(Saved entries)
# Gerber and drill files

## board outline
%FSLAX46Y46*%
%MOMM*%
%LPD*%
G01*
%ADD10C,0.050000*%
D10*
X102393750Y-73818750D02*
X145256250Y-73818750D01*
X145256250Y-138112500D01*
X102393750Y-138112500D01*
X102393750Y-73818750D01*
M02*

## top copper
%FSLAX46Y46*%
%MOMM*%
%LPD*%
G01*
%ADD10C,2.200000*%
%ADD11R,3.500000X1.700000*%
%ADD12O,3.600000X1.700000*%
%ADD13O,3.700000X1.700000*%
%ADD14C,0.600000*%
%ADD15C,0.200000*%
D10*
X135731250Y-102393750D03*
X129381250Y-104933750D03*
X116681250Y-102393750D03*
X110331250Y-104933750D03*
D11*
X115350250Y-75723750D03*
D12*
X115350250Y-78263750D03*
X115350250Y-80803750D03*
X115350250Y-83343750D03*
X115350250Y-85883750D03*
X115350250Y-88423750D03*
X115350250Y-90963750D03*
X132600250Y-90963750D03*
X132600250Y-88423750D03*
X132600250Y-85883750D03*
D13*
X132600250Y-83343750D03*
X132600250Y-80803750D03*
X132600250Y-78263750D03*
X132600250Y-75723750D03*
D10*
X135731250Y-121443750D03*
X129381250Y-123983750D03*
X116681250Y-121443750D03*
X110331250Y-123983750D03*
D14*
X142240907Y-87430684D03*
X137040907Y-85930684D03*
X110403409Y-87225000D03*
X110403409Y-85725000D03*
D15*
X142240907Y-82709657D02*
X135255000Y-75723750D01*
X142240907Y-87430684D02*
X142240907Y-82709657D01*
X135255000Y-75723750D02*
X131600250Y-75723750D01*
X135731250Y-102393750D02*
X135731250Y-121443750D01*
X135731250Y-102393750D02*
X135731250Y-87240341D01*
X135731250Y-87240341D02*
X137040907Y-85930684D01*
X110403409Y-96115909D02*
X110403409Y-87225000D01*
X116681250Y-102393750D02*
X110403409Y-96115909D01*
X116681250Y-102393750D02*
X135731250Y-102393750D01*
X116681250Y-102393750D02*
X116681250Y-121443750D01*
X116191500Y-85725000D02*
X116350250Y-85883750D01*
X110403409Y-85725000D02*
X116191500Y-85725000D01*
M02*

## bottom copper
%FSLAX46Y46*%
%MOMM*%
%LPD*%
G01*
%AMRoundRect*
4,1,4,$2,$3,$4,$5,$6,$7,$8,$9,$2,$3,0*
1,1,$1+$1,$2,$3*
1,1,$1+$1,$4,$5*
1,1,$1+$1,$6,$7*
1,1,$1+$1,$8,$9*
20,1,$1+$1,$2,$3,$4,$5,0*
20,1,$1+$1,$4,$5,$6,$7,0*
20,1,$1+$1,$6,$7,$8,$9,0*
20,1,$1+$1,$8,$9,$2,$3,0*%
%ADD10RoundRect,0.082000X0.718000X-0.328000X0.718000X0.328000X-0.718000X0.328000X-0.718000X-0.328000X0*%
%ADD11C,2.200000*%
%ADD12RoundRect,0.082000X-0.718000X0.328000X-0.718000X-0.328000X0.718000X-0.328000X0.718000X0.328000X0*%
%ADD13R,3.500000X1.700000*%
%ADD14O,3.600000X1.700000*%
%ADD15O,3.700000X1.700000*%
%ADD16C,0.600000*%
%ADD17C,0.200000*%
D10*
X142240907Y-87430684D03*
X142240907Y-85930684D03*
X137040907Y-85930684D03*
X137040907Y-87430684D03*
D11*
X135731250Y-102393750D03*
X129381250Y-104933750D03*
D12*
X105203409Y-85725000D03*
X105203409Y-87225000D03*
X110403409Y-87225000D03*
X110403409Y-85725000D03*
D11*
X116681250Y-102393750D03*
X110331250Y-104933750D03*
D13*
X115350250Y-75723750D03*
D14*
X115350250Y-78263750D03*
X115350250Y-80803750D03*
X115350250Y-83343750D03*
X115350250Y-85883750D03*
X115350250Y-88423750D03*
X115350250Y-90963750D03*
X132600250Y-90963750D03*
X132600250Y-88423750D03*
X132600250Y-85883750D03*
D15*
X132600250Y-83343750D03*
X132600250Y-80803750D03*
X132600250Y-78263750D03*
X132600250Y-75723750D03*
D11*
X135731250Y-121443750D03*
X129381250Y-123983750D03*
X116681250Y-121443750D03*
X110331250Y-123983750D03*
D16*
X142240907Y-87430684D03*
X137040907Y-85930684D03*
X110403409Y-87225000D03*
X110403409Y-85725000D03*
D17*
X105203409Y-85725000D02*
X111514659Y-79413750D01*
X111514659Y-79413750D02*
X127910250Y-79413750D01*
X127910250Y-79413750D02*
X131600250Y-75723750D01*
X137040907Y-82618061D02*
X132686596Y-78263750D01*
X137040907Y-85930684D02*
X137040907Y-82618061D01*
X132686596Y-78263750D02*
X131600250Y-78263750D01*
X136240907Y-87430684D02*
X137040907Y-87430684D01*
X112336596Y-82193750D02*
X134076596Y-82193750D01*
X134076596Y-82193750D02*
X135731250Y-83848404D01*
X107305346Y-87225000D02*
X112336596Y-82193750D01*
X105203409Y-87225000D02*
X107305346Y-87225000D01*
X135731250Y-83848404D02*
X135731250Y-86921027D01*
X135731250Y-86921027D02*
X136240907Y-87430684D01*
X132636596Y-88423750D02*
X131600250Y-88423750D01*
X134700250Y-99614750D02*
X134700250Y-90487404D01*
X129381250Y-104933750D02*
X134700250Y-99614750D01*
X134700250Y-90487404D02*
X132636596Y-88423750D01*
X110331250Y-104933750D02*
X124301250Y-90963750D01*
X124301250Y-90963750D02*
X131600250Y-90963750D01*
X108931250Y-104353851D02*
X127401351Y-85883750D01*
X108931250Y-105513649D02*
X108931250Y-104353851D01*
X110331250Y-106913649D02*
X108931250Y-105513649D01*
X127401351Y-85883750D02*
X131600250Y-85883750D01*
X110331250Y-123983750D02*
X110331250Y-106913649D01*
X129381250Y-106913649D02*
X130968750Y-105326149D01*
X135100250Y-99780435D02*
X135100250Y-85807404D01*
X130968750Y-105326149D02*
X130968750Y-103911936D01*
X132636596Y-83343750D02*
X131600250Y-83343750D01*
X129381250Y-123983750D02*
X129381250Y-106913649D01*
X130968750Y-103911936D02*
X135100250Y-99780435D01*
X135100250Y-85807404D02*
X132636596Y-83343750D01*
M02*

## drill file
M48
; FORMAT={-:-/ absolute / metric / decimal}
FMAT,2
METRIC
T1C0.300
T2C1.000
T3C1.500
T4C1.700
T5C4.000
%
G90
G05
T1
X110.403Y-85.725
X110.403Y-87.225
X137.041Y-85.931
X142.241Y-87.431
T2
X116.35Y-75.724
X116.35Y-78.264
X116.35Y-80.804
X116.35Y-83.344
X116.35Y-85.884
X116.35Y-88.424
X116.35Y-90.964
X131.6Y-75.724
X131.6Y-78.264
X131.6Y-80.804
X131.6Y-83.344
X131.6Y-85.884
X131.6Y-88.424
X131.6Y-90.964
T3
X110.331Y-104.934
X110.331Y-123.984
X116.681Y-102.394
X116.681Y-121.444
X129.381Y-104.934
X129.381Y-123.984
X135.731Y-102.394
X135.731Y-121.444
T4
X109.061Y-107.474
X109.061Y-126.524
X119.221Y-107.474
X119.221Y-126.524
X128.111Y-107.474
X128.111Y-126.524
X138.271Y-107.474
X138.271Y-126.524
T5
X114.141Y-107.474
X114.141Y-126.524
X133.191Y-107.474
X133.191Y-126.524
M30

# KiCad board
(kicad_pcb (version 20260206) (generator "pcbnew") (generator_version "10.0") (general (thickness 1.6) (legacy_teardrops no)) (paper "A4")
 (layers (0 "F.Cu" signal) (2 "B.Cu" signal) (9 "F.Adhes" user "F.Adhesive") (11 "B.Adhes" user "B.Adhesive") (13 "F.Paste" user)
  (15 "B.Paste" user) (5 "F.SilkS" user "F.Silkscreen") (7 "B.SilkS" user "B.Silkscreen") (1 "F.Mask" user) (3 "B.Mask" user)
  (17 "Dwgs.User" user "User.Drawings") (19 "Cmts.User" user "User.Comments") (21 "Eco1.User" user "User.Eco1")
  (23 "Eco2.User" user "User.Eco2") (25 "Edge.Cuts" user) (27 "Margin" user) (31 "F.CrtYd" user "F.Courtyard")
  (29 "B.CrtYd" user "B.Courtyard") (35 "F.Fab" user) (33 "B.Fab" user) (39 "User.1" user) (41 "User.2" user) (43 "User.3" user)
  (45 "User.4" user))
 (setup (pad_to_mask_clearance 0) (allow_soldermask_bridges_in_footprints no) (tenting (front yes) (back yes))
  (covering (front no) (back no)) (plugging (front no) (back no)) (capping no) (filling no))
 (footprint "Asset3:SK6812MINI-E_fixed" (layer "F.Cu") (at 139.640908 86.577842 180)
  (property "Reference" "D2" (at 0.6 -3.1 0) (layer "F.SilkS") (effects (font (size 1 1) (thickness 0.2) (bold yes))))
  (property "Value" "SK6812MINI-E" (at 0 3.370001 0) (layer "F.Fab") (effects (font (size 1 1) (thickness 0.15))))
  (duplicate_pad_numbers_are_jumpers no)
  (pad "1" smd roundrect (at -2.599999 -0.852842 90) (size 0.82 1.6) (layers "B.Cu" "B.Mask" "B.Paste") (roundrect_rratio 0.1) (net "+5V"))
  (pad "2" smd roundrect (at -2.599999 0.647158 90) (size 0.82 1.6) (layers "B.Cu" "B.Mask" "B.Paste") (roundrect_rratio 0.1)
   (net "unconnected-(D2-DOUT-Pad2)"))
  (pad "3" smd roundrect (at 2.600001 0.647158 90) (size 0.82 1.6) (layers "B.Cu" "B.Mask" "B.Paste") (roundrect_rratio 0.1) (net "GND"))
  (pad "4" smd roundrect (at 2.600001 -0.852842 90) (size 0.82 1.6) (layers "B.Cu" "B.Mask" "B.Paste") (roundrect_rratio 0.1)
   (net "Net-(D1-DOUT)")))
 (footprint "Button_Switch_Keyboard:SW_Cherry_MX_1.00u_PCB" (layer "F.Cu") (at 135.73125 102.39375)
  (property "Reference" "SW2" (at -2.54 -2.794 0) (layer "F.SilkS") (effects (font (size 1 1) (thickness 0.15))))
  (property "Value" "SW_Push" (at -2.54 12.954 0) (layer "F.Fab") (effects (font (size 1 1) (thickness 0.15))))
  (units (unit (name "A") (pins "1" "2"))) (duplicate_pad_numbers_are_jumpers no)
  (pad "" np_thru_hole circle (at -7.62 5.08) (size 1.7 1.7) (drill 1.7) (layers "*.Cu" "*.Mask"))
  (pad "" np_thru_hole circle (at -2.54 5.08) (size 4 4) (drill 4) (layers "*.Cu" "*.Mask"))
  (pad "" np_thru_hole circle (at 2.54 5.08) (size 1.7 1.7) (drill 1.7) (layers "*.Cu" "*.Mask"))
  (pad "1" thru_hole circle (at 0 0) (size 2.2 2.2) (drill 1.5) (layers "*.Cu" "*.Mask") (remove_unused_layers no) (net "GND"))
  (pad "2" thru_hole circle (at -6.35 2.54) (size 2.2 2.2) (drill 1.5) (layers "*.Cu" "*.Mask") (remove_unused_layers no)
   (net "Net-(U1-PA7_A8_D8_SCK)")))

Exercise directions: Please show, exactly as written, every line above that contains the word "Courtyard".

Answer to this task:
  (23 "Eco2.User" user "User.Eco2") (25 "Edge.Cuts" user) (27 "Margin" user) (31 "F.CrtYd" user "F.Courtyard")
  (29 "B.CrtYd" user "B.Courtyard") (35 "F.Fab" user) (33 "B.Fab" user) (39 "User.1" user) (41 "User.2" user) (43 "User.3" user)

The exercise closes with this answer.